▽
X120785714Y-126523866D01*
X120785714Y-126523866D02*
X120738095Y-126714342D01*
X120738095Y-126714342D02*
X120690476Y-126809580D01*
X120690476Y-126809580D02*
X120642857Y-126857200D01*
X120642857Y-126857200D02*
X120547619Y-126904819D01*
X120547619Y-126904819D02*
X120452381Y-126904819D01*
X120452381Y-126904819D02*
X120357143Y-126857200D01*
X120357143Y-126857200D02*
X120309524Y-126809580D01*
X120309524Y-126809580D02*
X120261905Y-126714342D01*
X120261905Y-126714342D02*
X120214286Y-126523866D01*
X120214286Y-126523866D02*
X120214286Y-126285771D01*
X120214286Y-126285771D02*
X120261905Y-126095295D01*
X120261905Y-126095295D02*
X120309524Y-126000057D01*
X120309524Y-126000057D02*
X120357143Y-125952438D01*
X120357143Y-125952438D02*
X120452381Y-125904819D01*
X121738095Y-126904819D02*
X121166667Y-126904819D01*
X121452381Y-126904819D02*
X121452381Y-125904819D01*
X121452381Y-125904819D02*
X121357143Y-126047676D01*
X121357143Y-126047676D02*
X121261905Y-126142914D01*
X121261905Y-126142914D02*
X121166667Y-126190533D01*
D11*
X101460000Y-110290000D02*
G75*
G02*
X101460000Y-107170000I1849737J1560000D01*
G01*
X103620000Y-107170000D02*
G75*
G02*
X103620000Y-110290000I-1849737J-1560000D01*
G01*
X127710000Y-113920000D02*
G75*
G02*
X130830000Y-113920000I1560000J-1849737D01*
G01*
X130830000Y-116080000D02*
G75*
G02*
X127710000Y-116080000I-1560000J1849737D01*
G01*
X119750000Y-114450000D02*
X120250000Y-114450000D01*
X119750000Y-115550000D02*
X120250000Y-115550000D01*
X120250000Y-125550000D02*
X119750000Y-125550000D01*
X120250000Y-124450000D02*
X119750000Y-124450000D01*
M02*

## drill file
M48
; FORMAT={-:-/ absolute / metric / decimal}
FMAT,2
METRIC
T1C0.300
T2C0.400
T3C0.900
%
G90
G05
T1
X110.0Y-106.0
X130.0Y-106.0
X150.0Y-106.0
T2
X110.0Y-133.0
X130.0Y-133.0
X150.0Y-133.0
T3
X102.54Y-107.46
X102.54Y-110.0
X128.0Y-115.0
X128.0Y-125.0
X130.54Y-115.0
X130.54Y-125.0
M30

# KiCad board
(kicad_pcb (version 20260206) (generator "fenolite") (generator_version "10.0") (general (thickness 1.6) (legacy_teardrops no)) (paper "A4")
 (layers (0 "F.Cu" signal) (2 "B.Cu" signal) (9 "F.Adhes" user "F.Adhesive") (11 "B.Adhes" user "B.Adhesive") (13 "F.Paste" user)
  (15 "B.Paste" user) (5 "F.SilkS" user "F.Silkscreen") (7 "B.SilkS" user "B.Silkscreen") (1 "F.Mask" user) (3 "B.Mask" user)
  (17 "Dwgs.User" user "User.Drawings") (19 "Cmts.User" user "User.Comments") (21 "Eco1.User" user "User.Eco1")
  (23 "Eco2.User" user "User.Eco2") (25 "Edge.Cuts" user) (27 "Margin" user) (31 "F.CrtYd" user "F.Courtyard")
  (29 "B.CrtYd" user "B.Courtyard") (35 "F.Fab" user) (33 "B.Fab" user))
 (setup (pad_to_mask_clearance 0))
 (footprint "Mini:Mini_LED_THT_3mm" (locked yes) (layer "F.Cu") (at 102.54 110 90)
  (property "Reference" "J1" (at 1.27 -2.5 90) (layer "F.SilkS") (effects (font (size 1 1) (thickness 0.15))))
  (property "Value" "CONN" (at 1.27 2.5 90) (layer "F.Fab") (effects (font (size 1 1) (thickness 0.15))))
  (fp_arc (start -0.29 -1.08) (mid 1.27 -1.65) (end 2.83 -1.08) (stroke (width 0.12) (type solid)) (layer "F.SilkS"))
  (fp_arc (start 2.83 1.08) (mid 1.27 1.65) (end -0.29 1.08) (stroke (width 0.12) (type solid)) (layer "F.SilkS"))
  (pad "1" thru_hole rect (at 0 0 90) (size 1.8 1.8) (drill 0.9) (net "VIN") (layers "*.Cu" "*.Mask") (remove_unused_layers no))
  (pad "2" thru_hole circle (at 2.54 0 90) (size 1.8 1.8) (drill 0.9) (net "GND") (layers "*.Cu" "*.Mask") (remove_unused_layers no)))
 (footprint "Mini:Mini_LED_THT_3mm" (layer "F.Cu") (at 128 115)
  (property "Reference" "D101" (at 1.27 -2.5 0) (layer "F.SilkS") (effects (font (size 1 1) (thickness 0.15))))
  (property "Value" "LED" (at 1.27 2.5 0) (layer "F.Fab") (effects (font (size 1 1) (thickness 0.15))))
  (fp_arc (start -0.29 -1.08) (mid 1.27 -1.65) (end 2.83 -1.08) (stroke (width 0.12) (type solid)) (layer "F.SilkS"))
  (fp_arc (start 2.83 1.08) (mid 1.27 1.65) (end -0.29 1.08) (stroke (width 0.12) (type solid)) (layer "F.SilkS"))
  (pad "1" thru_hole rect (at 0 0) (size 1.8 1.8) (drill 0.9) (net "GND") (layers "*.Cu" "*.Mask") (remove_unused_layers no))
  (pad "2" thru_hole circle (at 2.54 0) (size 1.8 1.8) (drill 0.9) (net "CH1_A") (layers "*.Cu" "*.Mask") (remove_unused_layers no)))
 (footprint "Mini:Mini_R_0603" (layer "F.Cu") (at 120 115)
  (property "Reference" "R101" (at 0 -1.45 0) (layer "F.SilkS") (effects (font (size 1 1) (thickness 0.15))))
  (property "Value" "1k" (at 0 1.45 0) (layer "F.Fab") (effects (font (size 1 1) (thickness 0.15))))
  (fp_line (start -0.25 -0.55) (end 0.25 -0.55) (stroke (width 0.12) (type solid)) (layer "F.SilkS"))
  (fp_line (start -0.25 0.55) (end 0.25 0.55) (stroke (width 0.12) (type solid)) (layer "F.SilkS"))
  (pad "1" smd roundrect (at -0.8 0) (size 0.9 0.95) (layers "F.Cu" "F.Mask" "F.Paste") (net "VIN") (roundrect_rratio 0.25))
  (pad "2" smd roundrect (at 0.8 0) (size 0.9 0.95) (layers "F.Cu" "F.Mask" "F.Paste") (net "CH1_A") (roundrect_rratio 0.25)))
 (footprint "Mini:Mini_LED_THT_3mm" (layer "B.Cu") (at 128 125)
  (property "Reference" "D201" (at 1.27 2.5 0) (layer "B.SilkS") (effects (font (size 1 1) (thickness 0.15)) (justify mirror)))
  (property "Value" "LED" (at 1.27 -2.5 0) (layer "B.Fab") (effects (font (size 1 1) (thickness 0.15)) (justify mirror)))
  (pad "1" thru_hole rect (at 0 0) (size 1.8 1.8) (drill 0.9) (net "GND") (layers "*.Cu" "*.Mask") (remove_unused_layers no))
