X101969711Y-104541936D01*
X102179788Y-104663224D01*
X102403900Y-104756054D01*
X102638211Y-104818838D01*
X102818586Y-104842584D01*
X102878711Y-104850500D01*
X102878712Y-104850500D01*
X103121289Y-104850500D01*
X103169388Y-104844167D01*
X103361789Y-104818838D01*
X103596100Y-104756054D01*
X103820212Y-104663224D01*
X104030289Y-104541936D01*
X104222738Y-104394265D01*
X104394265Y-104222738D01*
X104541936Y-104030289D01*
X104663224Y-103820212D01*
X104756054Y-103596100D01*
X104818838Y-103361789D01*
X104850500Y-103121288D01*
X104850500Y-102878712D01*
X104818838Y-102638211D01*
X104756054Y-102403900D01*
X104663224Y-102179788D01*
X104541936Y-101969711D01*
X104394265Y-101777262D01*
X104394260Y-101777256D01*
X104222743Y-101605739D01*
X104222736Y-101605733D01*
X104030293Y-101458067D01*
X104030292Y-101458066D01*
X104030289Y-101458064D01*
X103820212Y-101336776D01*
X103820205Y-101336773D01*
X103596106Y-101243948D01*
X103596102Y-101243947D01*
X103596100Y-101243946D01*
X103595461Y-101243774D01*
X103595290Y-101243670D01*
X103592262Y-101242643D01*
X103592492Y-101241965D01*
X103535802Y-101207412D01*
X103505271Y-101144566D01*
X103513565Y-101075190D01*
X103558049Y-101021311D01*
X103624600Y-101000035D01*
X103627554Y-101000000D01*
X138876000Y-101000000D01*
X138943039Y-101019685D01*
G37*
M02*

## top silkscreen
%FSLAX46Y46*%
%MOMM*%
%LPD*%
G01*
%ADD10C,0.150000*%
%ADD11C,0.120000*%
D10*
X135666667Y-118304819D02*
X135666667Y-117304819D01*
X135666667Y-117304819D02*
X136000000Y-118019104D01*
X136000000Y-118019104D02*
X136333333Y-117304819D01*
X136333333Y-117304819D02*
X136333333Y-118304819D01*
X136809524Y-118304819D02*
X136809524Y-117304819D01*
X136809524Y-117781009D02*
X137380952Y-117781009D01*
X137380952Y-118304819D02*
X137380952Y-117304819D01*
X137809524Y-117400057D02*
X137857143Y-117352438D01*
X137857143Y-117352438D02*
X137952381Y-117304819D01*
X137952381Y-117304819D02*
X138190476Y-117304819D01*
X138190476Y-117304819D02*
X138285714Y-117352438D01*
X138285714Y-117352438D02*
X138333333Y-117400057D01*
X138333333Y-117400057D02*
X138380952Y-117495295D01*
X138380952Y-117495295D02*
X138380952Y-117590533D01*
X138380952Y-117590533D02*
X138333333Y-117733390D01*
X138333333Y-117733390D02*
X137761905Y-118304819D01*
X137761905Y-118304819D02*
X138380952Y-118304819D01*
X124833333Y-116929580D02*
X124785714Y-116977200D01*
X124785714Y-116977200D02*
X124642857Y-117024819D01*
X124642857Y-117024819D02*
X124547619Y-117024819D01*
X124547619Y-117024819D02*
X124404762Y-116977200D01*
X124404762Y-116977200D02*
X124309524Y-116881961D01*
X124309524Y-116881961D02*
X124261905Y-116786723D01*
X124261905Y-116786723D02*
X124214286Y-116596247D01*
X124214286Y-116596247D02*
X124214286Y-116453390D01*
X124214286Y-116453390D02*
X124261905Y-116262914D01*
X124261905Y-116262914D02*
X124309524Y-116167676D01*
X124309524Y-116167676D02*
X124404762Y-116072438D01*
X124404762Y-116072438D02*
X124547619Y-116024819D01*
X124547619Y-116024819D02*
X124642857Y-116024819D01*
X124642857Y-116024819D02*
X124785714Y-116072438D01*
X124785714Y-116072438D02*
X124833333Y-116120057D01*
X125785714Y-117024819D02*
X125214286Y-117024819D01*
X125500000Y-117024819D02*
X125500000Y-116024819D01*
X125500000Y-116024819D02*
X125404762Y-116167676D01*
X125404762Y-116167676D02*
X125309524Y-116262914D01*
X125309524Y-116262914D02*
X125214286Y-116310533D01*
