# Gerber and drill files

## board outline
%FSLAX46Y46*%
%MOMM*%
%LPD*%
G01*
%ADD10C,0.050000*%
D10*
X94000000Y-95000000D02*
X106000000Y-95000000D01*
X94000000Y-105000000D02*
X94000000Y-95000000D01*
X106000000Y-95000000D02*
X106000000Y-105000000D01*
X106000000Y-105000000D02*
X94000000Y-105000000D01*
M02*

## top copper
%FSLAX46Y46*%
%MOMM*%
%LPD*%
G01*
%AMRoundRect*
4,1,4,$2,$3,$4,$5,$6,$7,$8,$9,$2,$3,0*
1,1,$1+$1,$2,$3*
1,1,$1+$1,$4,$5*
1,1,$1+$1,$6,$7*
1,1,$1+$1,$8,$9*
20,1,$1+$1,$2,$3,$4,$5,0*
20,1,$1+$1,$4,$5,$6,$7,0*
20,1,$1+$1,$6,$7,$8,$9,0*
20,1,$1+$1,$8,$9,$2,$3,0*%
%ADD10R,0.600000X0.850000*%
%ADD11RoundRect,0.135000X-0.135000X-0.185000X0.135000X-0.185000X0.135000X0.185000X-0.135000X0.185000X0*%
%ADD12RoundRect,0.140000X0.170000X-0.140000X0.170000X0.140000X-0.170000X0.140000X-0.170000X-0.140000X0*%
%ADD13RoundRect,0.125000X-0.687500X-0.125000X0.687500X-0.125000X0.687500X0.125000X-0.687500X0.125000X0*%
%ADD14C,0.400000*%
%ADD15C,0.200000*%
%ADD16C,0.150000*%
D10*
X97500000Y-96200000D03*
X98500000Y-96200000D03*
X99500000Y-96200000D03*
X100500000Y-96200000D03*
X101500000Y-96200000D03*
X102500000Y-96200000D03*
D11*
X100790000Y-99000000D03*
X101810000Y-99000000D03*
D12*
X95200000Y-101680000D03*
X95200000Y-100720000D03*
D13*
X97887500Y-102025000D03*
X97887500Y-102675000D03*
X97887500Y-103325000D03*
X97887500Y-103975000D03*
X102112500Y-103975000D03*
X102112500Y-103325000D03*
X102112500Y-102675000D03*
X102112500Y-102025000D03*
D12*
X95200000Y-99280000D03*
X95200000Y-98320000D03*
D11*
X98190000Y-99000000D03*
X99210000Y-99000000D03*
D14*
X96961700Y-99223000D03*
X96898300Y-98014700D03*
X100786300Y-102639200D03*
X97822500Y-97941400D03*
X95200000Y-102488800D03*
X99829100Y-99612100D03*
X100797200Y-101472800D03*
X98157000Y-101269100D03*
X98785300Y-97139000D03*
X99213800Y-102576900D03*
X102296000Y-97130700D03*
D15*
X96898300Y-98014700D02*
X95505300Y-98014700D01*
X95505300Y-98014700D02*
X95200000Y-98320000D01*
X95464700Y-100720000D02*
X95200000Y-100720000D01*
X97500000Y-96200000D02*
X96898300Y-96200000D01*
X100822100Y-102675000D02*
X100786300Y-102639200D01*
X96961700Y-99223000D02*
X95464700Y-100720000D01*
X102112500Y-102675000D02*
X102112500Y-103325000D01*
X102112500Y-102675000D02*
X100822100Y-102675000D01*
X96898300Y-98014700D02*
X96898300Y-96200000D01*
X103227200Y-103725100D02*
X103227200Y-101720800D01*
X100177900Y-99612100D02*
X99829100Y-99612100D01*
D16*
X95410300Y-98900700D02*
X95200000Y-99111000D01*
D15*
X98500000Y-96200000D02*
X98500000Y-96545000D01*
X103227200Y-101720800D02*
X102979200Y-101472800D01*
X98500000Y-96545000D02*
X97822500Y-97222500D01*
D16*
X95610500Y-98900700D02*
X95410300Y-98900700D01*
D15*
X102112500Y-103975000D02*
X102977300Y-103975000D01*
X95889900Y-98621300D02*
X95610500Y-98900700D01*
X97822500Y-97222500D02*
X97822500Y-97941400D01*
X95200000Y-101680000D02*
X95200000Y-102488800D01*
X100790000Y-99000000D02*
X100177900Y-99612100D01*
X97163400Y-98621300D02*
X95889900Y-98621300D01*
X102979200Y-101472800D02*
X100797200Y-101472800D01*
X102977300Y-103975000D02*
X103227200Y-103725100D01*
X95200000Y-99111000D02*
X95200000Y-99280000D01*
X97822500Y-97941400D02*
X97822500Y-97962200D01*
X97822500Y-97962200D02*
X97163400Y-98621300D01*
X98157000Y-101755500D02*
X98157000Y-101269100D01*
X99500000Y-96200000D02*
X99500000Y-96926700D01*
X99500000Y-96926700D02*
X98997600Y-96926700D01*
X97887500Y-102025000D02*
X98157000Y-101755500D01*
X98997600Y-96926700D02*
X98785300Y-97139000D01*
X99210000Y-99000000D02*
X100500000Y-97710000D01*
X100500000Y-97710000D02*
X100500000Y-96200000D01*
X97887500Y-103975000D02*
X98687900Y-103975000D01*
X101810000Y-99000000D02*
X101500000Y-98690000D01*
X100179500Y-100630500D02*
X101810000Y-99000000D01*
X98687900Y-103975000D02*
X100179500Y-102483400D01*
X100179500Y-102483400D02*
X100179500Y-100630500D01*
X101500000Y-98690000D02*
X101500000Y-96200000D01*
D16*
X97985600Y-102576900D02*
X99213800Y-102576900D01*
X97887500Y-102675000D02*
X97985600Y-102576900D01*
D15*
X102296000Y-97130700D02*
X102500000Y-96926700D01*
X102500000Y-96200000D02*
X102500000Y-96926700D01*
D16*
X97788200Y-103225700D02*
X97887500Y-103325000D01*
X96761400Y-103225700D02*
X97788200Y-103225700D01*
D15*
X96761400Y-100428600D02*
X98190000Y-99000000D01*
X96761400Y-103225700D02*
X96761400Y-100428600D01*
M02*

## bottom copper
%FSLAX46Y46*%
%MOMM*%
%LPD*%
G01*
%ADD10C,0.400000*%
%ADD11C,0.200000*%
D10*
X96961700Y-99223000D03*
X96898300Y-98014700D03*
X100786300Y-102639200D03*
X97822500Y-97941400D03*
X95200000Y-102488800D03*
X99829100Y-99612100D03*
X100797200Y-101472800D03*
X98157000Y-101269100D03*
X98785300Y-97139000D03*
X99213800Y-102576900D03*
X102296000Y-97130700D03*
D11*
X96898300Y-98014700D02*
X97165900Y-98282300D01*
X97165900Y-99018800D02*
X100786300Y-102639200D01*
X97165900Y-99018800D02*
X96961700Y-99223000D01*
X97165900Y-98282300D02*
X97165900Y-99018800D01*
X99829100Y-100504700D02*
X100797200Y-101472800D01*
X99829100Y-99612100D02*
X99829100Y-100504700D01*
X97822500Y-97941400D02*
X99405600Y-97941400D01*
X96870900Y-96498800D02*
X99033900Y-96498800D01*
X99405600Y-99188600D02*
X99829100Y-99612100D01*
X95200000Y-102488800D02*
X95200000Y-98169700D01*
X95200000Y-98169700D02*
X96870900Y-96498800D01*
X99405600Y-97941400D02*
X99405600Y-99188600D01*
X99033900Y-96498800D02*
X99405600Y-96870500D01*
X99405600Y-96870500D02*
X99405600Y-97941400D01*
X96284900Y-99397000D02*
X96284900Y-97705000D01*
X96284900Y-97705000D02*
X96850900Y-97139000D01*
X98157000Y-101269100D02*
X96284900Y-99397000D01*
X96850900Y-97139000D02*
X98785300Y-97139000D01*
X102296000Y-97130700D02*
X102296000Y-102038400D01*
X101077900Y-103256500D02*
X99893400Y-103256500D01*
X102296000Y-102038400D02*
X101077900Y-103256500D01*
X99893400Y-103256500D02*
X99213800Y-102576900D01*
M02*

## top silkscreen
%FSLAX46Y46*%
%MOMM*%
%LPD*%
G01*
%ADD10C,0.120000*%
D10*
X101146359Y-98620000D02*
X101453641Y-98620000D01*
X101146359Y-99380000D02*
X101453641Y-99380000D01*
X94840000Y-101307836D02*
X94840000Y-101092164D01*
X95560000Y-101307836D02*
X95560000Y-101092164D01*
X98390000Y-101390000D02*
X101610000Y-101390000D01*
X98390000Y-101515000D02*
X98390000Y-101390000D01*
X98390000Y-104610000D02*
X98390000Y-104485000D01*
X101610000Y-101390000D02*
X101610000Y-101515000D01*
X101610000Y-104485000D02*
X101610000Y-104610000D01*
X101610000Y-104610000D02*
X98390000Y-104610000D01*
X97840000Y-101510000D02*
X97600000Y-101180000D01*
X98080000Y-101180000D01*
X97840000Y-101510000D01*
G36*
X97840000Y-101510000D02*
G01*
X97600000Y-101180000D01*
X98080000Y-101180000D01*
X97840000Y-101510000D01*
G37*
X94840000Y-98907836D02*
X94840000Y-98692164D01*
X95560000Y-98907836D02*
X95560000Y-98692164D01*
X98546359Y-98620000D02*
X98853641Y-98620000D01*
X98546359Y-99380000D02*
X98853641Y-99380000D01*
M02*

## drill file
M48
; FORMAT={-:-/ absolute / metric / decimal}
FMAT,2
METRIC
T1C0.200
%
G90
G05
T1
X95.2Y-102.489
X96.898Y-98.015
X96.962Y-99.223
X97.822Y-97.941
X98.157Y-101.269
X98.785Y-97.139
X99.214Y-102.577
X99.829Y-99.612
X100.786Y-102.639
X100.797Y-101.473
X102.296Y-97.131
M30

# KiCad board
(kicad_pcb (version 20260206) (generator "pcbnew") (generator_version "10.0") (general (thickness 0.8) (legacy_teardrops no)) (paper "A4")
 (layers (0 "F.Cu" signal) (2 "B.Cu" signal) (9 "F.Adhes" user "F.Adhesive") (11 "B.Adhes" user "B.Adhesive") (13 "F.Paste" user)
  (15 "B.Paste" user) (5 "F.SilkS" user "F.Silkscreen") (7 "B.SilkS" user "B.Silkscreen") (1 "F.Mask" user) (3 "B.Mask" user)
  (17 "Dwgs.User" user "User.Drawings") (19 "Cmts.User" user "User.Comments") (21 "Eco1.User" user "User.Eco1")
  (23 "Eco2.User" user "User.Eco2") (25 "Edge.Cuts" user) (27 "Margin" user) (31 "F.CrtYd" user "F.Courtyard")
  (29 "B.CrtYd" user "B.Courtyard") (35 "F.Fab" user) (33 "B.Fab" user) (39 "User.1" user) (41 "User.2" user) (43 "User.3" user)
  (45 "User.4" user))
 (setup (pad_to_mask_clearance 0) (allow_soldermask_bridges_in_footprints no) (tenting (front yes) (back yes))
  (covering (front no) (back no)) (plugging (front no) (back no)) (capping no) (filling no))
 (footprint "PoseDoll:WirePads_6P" (layer "F.Cu") (at 100 96.2)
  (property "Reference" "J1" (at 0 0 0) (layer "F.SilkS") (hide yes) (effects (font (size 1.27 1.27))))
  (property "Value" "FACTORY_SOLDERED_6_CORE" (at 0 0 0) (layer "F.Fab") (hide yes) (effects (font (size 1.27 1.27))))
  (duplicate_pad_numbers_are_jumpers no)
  (pad "1" smd rect (at -2.5 0) (size 0.6 0.85) (layers "F.Cu" "F.Mask") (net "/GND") (thermal_bridge_angle 45))
  (pad "2" smd rect (at -1.5 0) (size 0.6 0.85) (layers "F.Cu" "F.Mask") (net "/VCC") (thermal_bridge_angle 45))
  (pad "3" smd rect (at -0.5 0) (size 0.6 0.85) (layers "F.Cu" "F.Mask") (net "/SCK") (thermal_bridge_angle 45))
  (pad "4" smd rect (at 0.5 0) (size 0.6 0.85) (layers "F.Cu" "F.Mask") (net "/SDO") (thermal_bridge_angle 45))
  (pad "5" smd rect (at 1.5 0) (size 0.6 0.85) (layers "F.Cu" "F.Mask") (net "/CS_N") (thermal_bridge_angle 45))
  (pad "6" smd rect (at 2.5 0) (size 0.6 0.85) (layers "F.Cu" "F.Mask") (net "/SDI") (thermal_bridge_angle 45)))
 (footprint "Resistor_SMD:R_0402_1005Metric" (layer "F.Cu") (at 101.3 99)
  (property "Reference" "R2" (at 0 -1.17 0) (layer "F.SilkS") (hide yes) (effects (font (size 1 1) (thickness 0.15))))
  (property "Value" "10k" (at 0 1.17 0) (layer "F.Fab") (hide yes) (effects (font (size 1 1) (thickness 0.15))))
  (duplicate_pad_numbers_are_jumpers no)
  (fp_line (start -0.153641 -0.38) (end 0.153641 -0.38) (stroke (width 0.12) (type solid)) (layer "F.SilkS"))
  (fp_line (start -0.153641 0.38) (end 0.153641 0.38) (stroke (width 0.12) (type solid)) (layer "F.SilkS"))
  (pad "1" smd roundrect (at -0.51 0) (size 0.54 0.64) (layers "F.Cu" "F.Mask" "F.Paste") (roundrect_rratio 0.25) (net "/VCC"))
△
DESCRIPTION OF THE TASK: Return, exactly as they stand, the lines from the start of the records above through the line with "X121166667Y-126904819D01*", both ends included, and no other lines.

ANSWER:
X120785714Y-126523866D01*
X120785714Y-126523866D02*
X120738095Y-126714342D01*
X120738095Y-126714342D02*
X120690476Y-126809580D01*
X120690476Y-126809580D02*
X120642857Y-126857200D01*
X120642857Y-126857200D02*
X120547619Y-126904819D01*
X120547619Y-126904819D02*
X120452381Y-126904819D01*
X120452381Y-126904819D02*
X120357143Y-126857200D01*
X120357143Y-126857200D02*
X120309524Y-126809580D01*
X120309524Y-126809580D02*
X120261905Y-126714342D01*
X120261905Y-126714342D02*
X120214286Y-126523866D01*
X120214286Y-126523866D02*
X120214286Y-126285771D01*
X120214286Y-126285771D02*
X120261905Y-126095295D01*
X120261905Y-126095295D02*
X120309524Y-126000057D01*
X120309524Y-126000057D02*
X120357143Y-125952438D01*
X120357143Y-125952438D02*
X120452381Y-125904819D01*
X121738095Y-126904819D02*
X121166667Y-126904819D01*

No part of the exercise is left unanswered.